Resume/CV: [http://ionisolarz.com/](http://ionisolarz.com/),
[https://il.linkedin.com/in/ionisolarz](https://il.linkedin.com/in/ionisolarz)

Email: jsolarz@gmail.com

------
benzesandbetter
SEEKING WORK (SF/Remote)

Top-shelf Python developer with a proven track record for success. Experienced
with Python frameworks including Django, Flask, and Pyramid. I've built
products for startups, Fortune 500's, NGOs, and federal agencies. Excellent
communicator, committed to providing professional, responsive service. You can
expect high development velocity and stable, industrial-strength code.
Capable, conscientious, and consistent.

[http://davidsiedband.com](http://davidsiedband.com)

email: zentraal (at) gmail.com

skype: oceanicsky

------
pienight
SEEKING WORK - REMOTE

Hello! I'm a contract app & web developer, specialising in building MVP's
including native apps for iOS & Android, building or integrating with API's,
backend systems and plain old websites. I have a proven track record of
getting things built & shipped.

You can reach me at hello@darkpie.com and some more info on
[http://darkpie.com](http://darkpie.com).

Keyword blast: Titanium, React Native, PHP, node, Codeigniter, Laravel, HTML,
CSS, JS, AWS and about 100 others...

------
jMyles
SEEKING WORK

I live on a school bus with my partner and our baby. We have power metering
via Raspberry Pi, neopixel lighting, externally mounted wifi antennae, a
budding solar system, etc.

I am most interested in working on embedded / micropython / off-grid tech
stuff.

I've also done quite a lot of Python web stuff (Django and other frameworks),
including a fair amount of async.

We drive around North America. I mostly work remote, but for the right
opportunity, I can come to you.

    
    
        http://github.com/jMyles
        justin@justinholmes.com

------
zura
SEEKING WORK - Remote, occasional onsite OK.

Location: Georgia

Experienced C++ engineer specializing in cross-platform software development.
wxWidgets, Qt/QML; JavaScript, React Native (recently); Systems programming;
Go (Golang); Functional programming (Haskell, Erlang); Linux/OSX/Windows/DOS

LinkedIn: [http://linkd.in/1INT0ts](http://linkd.in/1INT0ts)

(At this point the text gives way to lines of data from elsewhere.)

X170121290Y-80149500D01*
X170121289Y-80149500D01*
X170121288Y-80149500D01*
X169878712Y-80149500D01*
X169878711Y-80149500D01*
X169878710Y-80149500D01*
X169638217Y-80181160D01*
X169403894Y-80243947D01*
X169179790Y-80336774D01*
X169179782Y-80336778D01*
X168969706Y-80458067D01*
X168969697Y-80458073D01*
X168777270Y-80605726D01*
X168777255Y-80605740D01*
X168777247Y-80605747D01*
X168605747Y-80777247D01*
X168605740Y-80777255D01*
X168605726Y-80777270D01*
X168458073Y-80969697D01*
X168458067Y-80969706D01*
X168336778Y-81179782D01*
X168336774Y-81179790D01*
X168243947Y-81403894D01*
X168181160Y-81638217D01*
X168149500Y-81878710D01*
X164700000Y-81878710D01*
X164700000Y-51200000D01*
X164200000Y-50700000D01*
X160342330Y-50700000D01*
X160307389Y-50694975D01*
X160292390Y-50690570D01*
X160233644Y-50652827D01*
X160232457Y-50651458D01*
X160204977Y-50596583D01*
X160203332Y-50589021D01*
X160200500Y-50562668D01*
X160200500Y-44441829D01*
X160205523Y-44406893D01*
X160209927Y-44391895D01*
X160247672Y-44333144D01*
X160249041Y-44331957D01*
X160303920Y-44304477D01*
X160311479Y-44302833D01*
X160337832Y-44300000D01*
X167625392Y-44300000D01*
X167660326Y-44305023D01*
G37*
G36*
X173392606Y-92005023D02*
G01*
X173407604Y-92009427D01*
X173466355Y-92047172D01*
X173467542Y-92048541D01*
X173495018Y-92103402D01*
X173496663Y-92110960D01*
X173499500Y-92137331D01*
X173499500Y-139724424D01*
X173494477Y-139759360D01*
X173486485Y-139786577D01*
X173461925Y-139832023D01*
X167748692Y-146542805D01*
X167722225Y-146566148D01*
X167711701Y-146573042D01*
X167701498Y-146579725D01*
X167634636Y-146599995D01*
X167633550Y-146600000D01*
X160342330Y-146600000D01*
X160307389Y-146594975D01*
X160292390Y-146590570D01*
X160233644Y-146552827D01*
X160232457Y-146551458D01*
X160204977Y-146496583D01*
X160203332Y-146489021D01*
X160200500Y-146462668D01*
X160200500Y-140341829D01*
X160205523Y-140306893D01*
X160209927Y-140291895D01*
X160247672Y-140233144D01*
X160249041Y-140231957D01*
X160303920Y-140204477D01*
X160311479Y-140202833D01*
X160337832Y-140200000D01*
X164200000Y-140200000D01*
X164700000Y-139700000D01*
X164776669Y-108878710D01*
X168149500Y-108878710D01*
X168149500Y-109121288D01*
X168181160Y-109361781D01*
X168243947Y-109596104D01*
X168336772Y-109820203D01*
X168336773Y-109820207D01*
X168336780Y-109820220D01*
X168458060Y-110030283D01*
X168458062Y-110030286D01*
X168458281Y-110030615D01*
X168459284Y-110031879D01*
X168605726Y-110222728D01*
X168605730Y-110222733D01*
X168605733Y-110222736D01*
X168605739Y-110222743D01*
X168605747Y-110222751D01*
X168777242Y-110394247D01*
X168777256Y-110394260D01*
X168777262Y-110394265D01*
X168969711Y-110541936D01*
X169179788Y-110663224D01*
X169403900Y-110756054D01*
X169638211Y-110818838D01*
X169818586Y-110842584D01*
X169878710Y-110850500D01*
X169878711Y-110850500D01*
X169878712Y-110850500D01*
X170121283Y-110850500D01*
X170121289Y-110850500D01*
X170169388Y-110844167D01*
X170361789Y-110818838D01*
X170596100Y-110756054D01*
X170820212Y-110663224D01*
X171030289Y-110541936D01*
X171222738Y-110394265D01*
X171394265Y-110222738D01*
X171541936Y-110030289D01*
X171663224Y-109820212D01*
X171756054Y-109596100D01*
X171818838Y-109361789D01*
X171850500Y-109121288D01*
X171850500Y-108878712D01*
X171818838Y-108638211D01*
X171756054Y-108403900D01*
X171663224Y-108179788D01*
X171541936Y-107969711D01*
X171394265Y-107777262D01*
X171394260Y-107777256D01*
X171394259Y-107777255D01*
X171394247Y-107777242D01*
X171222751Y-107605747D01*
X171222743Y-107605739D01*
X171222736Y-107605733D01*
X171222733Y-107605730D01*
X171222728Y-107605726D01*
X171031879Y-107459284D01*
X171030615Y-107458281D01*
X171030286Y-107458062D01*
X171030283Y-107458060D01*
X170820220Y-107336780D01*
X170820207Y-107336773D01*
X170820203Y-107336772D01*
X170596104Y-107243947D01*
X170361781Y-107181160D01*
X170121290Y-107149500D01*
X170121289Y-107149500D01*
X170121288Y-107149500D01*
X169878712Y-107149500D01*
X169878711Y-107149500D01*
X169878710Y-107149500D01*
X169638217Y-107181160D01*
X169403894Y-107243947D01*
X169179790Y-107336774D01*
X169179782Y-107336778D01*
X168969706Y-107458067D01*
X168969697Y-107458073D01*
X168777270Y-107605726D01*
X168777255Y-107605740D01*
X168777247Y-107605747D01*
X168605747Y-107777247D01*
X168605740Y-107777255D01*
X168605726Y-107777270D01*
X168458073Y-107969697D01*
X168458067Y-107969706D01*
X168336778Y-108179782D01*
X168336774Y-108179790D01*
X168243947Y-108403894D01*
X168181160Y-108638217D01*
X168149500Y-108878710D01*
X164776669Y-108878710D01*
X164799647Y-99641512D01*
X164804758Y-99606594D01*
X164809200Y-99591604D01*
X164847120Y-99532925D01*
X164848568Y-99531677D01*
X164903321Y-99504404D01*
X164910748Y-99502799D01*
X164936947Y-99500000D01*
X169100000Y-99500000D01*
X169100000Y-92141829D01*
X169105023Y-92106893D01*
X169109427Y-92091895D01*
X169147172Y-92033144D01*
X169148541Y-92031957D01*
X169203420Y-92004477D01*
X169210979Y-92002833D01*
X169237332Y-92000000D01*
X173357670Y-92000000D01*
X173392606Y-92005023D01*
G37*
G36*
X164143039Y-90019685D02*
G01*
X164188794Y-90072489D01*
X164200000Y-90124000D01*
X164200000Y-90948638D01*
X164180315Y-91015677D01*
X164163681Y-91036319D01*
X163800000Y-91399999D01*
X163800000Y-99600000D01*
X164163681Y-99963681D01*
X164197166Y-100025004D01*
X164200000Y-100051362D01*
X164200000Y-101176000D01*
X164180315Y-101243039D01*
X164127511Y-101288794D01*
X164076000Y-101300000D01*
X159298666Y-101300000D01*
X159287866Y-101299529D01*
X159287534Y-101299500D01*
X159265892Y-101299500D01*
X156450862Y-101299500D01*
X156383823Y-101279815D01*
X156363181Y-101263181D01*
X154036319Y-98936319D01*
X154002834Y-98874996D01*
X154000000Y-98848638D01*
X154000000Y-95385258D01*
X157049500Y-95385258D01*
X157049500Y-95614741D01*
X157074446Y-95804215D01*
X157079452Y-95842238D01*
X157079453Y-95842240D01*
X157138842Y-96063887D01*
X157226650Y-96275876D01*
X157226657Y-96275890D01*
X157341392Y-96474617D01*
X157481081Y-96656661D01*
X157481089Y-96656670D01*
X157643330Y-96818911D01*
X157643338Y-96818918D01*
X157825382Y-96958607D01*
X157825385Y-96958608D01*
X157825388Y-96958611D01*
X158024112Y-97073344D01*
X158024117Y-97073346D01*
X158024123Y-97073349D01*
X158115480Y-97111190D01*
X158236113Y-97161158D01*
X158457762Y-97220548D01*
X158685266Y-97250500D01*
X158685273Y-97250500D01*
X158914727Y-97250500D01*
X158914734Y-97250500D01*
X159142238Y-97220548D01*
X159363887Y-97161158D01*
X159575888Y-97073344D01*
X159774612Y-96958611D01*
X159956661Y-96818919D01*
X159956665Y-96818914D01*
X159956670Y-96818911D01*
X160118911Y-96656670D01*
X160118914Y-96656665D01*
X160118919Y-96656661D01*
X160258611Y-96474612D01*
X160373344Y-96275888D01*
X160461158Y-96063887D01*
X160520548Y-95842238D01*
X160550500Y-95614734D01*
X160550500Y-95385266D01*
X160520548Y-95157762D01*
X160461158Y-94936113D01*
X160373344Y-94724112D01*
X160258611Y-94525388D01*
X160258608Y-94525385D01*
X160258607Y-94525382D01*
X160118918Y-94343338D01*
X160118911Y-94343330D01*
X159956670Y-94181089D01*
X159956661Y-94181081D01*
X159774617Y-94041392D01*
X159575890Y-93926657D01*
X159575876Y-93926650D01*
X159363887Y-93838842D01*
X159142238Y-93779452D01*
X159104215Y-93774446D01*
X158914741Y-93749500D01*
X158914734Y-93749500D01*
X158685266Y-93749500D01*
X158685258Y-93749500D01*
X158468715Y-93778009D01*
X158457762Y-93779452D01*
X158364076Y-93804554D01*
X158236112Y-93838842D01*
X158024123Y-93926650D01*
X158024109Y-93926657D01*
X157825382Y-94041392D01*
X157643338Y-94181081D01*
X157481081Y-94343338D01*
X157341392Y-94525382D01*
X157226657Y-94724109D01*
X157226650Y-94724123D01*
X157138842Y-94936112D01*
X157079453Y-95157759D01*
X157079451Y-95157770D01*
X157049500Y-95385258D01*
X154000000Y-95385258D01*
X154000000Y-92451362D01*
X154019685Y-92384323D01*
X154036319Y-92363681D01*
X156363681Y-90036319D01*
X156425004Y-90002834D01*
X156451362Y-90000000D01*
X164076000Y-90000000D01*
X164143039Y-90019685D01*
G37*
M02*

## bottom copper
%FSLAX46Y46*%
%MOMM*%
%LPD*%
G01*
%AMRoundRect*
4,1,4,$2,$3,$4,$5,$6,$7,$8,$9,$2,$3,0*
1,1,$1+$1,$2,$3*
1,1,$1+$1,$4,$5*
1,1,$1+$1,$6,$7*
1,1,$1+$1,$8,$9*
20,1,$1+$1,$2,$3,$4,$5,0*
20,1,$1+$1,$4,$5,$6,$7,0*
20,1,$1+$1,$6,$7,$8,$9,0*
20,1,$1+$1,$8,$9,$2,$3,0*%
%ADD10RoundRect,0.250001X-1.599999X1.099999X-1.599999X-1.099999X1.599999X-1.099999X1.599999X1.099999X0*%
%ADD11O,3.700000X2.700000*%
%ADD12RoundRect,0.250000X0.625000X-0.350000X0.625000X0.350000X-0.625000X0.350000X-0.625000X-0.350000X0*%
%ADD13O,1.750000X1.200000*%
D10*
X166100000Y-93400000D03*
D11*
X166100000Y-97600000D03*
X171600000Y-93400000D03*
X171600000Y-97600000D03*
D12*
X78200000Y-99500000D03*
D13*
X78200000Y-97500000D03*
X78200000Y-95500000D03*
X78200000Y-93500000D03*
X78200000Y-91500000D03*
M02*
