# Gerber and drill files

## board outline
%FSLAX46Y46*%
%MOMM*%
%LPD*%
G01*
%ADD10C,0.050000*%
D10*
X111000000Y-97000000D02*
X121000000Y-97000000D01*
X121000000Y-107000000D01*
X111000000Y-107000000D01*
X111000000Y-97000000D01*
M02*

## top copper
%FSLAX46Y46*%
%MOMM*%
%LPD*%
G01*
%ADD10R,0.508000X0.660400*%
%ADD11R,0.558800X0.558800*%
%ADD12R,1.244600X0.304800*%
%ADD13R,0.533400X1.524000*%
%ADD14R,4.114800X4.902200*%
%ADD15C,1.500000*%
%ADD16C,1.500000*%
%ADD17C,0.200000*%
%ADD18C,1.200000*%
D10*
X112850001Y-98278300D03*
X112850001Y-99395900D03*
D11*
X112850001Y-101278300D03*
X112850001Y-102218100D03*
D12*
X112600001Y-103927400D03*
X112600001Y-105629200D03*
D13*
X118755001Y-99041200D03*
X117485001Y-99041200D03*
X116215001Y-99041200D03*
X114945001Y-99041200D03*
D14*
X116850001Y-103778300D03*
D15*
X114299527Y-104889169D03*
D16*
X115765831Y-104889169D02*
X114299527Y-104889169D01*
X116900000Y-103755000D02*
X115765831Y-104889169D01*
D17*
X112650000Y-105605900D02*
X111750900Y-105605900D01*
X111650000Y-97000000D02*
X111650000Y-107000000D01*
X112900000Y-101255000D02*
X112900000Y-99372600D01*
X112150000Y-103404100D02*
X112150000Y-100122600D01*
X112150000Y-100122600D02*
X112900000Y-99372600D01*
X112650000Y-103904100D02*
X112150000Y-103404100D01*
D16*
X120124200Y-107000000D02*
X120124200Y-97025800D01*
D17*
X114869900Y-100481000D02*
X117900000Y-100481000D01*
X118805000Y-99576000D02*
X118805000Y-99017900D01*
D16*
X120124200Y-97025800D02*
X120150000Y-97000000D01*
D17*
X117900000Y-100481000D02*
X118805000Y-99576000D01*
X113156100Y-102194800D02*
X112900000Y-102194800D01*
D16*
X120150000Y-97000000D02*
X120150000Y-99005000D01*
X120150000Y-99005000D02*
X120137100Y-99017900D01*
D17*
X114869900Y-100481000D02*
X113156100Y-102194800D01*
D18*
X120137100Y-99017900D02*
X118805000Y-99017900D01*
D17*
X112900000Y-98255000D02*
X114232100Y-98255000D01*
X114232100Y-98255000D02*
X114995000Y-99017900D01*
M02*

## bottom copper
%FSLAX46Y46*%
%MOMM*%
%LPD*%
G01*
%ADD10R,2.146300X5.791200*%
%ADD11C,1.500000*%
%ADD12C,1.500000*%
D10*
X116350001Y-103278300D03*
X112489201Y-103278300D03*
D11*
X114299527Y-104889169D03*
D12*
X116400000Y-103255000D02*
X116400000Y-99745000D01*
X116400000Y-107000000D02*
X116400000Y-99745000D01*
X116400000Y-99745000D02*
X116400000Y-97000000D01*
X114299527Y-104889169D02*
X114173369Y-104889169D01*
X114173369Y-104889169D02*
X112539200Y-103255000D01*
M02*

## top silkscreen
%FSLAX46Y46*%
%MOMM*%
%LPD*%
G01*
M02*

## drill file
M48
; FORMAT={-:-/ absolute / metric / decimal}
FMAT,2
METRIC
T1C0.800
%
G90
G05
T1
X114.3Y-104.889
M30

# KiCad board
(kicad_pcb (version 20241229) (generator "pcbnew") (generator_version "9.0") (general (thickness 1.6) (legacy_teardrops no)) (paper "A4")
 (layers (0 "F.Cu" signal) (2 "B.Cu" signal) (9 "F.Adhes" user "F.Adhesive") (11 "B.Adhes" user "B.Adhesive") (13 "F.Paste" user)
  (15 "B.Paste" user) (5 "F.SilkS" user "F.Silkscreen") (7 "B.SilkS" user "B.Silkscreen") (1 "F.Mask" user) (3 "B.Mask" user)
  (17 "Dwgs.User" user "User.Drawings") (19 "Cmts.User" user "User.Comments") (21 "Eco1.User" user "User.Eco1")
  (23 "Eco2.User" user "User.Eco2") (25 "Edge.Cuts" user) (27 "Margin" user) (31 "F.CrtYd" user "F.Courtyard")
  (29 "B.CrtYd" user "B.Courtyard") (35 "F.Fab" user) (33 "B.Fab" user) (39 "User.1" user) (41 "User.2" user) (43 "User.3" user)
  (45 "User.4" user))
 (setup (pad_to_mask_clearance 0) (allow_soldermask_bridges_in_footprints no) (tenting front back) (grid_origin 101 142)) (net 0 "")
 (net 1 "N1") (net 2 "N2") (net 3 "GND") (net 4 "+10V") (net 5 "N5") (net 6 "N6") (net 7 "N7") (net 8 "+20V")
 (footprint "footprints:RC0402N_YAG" (layer "F.Cu") (at 112.850001 98.8371 -90)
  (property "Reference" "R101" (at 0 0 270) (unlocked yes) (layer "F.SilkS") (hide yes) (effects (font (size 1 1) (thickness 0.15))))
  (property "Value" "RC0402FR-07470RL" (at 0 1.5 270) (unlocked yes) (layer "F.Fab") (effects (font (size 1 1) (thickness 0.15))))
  (pad "1" smd rect (at -0.5588 0 270) (size 0.6604 0.508) (layers "F.Cu" "F.Mask" "F.Paste") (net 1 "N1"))
  (pad "2" smd rect (at 0.5588 0 270) (size 0.6604 0.508) (layers "F.Cu" "F.Mask" "F.Paste") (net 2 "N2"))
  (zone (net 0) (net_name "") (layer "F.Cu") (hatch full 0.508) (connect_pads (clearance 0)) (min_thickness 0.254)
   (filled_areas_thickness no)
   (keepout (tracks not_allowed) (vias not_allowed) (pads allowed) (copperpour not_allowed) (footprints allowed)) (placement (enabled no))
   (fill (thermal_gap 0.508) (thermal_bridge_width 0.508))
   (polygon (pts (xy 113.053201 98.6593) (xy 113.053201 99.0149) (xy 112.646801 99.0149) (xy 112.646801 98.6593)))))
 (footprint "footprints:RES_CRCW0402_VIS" (layer "F.Cu") (at 112.850001 101.7482 -90)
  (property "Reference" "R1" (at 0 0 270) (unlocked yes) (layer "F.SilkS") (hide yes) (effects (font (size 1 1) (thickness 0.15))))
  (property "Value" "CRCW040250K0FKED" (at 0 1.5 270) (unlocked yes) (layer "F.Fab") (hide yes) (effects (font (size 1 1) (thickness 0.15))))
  (pad "1" smd rect (at -0.4699 0 270) (size 0.5588 0.5588) (layers "F.Cu" "F.Mask" "F.Paste") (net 2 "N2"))
  (pad "2" smd rect (at 0.4699 0 270) (size 0.5588 0.5588) (layers "F.Cu" "F.Mask" "F.Paste") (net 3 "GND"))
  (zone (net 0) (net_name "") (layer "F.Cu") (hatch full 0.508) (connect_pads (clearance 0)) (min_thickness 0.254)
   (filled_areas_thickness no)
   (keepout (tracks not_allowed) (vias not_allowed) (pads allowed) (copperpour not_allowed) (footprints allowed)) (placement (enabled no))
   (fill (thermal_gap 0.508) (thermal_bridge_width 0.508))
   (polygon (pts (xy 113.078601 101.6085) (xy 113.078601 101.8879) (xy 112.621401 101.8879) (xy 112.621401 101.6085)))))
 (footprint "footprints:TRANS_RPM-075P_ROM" (layer "F.Cu") (at 112.600001 104.7783 -90)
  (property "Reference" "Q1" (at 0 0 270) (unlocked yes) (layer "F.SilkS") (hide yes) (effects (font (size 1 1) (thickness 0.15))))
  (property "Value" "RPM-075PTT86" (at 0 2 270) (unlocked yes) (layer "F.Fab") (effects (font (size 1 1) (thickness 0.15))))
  (pad "1" smd rect (at -0.8509 0 270) (size 0.3048 1.2446) (layers "F.Cu" "F.Mask" "F.Paste") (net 2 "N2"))
  (pad "2" smd rect (at 0.8509 0 270) (size 0.3048 1.2446) (layers "F.Cu" "F.Mask" "F.Paste") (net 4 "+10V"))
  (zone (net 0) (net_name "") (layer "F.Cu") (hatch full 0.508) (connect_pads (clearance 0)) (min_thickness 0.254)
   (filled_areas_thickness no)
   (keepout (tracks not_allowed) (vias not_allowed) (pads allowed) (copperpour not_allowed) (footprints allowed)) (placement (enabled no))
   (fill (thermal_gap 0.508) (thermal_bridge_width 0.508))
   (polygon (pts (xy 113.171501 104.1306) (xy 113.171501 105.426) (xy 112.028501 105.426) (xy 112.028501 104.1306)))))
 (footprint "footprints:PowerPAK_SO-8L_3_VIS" (layer "F.Cu") (at 116.850001 102.648 180)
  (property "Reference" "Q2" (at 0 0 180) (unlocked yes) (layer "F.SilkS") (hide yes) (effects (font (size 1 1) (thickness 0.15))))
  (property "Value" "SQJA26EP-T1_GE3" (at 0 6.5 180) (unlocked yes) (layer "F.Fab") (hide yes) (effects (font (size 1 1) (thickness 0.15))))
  (pad "1" smd rect (at -1.905 3.6068 180) (size 0.5334 1.524) (layers "F.Cu" "F.Mask" "F.Paste") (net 3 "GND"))
  (pad "2" smd rect (at -0.635 3.6068 180) (size 0.5334 1.524) (layers "F.Cu" "F.Mask" "F.Paste") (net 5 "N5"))
  (pad "3" smd rect (at 0.635 3.6068 180) (size 0.5334 1.524) (layers "F.Cu" "F.Mask" "F.Paste") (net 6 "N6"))
  (pad "4" smd rect (at 1.905 3.6068 180) (size 0.5334 1.524) (layers "F.Cu" "F.Mask" "F.Paste") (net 1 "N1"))
  (pad "5" smd rect (at 0 -1.1303 180) (size 4.1148 4.9022) (layers "F.Cu" "F.Mask" "F.Paste") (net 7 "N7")))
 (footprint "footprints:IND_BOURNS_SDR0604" (layer "B.Cu") (at 114.419601 103.2783 180)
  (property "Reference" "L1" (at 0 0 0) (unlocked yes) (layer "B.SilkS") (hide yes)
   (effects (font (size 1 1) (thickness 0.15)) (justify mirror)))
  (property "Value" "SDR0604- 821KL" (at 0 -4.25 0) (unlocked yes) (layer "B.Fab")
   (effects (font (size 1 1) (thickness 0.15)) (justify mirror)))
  (pad "1" smd rect (at -1.9304 0 180) (size 2.1463 5.7912) (layers "B.Cu" "B.Mask" "B.Paste") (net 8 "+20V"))
  (pad "2" smd rect (at 1.9304 0 180) (size 2.1463 5.7912) (layers "B.Cu" "B.Mask" "B.Paste") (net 7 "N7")))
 (gr_rect (start 111 97) (end 121 107) (stroke (width 0.05) (type default)) (fill no) (layer "Edge.Cuts"))
 (segment (start 116.4 103.255) (end 116.4 99.745) (width 1.5) (layer "B.Cu") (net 8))
 (segment (start 116.4 107) (end 116.4 99.745) (width 1.5) (layer "B.Cu") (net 8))
 (segment (start 116.4 99.745) (end 116.4 97) (width 1.5) (layer "B.Cu") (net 8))
 (segment (start 115.765831 104.889169) (end 114.299527 104.889169) (width 1.5) (layer "F.Cu") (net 7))
 (segment (start 116.9 103.755) (end 115.765831 104.889169) (width 1.5) (layer "F.Cu") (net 7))
 (via (at 114.299527 104.889169) (size 1.5) (drill 0.8) (layers "F.Cu" "B.Cu") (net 7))
 (segment (start 114.299527 104.889169) (end 114.173369 104.889169) (width 1.5) (layer "B.Cu") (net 7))
 (segment (start 114.173369 104.889169) (end 112.5392 103.255) (width 1.5) (layer "B.Cu") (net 7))
 (segment (start 112.65 105.6059) (end 111.7509 105.6059) (width 0.2) (layer "F.Cu") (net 4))
 (segment (start 111.65 97) (end 111.65 107) (width 0.2) (layer "F.Cu") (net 4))
 (segment (start 112.9 101.255) (end 112.9 99.3726) (width 0.2) (layer "F.Cu") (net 2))
 (segment (start 112.15 103.4041) (end 112.15 100.1226) (width 0.2) (layer "F.Cu") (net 2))
 (segment (start 112.15 100.1226) (end 112.9 99.3726) (width 0.2) (layer "F.Cu") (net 2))
 (segment (start 112.65 103.9041) (end 112.15 103.4041) (width 0.2) (layer "F.Cu") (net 2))
 (segment (start 120.1242 107) (end 120.1242 97.0258) (width 1.5) (layer "F.Cu") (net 3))
 (segment (start 114.8699 100.481) (end 117.9 100.481) (width 0.2) (layer "F.Cu") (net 3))
 (segment (start 118.805 99.576) (end 118.805 99.0179) (width 0.2) (layer "F.Cu") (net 3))
 (segment (start 120.1242 97.0258) (end 120.15 97) (width 1.5) (layer "F.Cu") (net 3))
 (segment (start 117.9 100.481) (end 118.805 99.576) (width 0.2) (layer "F.Cu") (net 3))
 (segment (start 113.1561 102.1948) (end 112.9 102.1948) (width 0.2) (layer "F.Cu") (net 3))
 (segment (start 120.15 97) (end 120.15 99.005) (width 1.5) (layer "F.Cu") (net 3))
 (segment (start 120.15 99.005) (end 120.1371 99.0179) (width 1.5) (layer "F.Cu") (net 3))
 (segment (start 114.8699 100.481) (end 113.1561 102.1948) (width 0.2) (layer "F.Cu") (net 3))
 (segment (start 120.1371 99.0179) (end 118.805 99.0179) (width 1.2) (layer "F.Cu") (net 3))
 (segment (start 112.9 98.255) (end 114.2321 98.255) (width 0.2) (layer "F.Cu") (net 1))
 (segment (start 114.2321 98.255) (end 114.995 99.0179) (width 0.2) (layer "F.Cu") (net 1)))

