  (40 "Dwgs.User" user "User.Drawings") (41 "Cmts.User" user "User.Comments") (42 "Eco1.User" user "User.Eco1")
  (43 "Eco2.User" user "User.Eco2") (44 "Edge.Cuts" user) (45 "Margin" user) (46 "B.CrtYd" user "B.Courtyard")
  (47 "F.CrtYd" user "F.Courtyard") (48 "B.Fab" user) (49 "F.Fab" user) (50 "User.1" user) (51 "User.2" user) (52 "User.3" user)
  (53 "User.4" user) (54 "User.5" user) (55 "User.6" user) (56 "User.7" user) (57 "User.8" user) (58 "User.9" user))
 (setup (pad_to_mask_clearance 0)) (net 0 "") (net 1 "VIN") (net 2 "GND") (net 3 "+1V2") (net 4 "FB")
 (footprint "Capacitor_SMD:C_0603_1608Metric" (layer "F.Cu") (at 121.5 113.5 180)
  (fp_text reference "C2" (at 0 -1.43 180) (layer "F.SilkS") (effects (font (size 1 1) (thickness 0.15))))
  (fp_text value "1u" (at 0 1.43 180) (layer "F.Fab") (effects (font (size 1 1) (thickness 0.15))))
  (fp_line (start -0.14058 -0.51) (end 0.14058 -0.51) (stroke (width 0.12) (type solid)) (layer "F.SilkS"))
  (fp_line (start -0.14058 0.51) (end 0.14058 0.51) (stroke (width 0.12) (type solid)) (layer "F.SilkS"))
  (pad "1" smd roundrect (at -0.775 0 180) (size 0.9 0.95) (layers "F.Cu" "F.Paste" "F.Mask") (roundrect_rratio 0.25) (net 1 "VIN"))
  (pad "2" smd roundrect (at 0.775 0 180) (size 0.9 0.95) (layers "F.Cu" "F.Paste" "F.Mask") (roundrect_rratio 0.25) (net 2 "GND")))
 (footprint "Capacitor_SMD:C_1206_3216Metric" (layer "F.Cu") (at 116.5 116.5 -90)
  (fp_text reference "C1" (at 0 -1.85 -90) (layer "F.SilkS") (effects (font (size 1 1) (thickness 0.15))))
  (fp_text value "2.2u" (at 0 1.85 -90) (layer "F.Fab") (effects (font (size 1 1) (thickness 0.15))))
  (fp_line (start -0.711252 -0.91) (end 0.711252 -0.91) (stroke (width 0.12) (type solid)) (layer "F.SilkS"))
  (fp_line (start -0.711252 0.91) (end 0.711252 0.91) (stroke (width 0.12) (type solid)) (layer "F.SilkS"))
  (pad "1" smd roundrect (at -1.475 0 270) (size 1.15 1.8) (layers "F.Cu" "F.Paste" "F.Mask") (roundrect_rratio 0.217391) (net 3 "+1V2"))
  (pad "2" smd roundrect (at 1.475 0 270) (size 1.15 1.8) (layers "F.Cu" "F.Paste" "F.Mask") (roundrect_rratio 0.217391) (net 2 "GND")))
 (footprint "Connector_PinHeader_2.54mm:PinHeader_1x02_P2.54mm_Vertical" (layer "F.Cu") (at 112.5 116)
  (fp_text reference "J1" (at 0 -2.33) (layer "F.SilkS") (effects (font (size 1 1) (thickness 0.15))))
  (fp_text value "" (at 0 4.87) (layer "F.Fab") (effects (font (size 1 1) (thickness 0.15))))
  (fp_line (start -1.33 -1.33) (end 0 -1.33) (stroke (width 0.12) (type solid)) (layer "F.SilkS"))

Github: [http://bit.ly/1INTXC3](http://bit.ly/1INTXC3)

Email: zura.jobs@gmail.com

------
siscia
SEEKING WORK:

Location: Milan, Italy

Remote: Yes

Willing to relocate: for the right opportunity

Technologies: R, Python, SQL

Résumé: on request

Email: furfaro.emanuela@gmail.com

Just finished a PhD in statistic. I worked on more "classical" and theoretical
statistics than the AI/ML that are very in vogue in these years, however those
are field that I would like to explore. Right now I can create statistical
models to answer any kind of question about your business or about your
productive processes. I can also works as contractor. Feel free to contact me
for any further question.

------
renewstudios
SEEKING WORK

Location: Remote

Experienced and complete Ruby on Rails development team of 5 finishing current
project, and seeking new project. Team has been working together for over 3
years, so we are fast and experienced.

Let's build great products together. We are focused on building scaleable
technologies that solve clear business problems. We practice test-driven
development, and focus on clean, readable, peer-reviewed code.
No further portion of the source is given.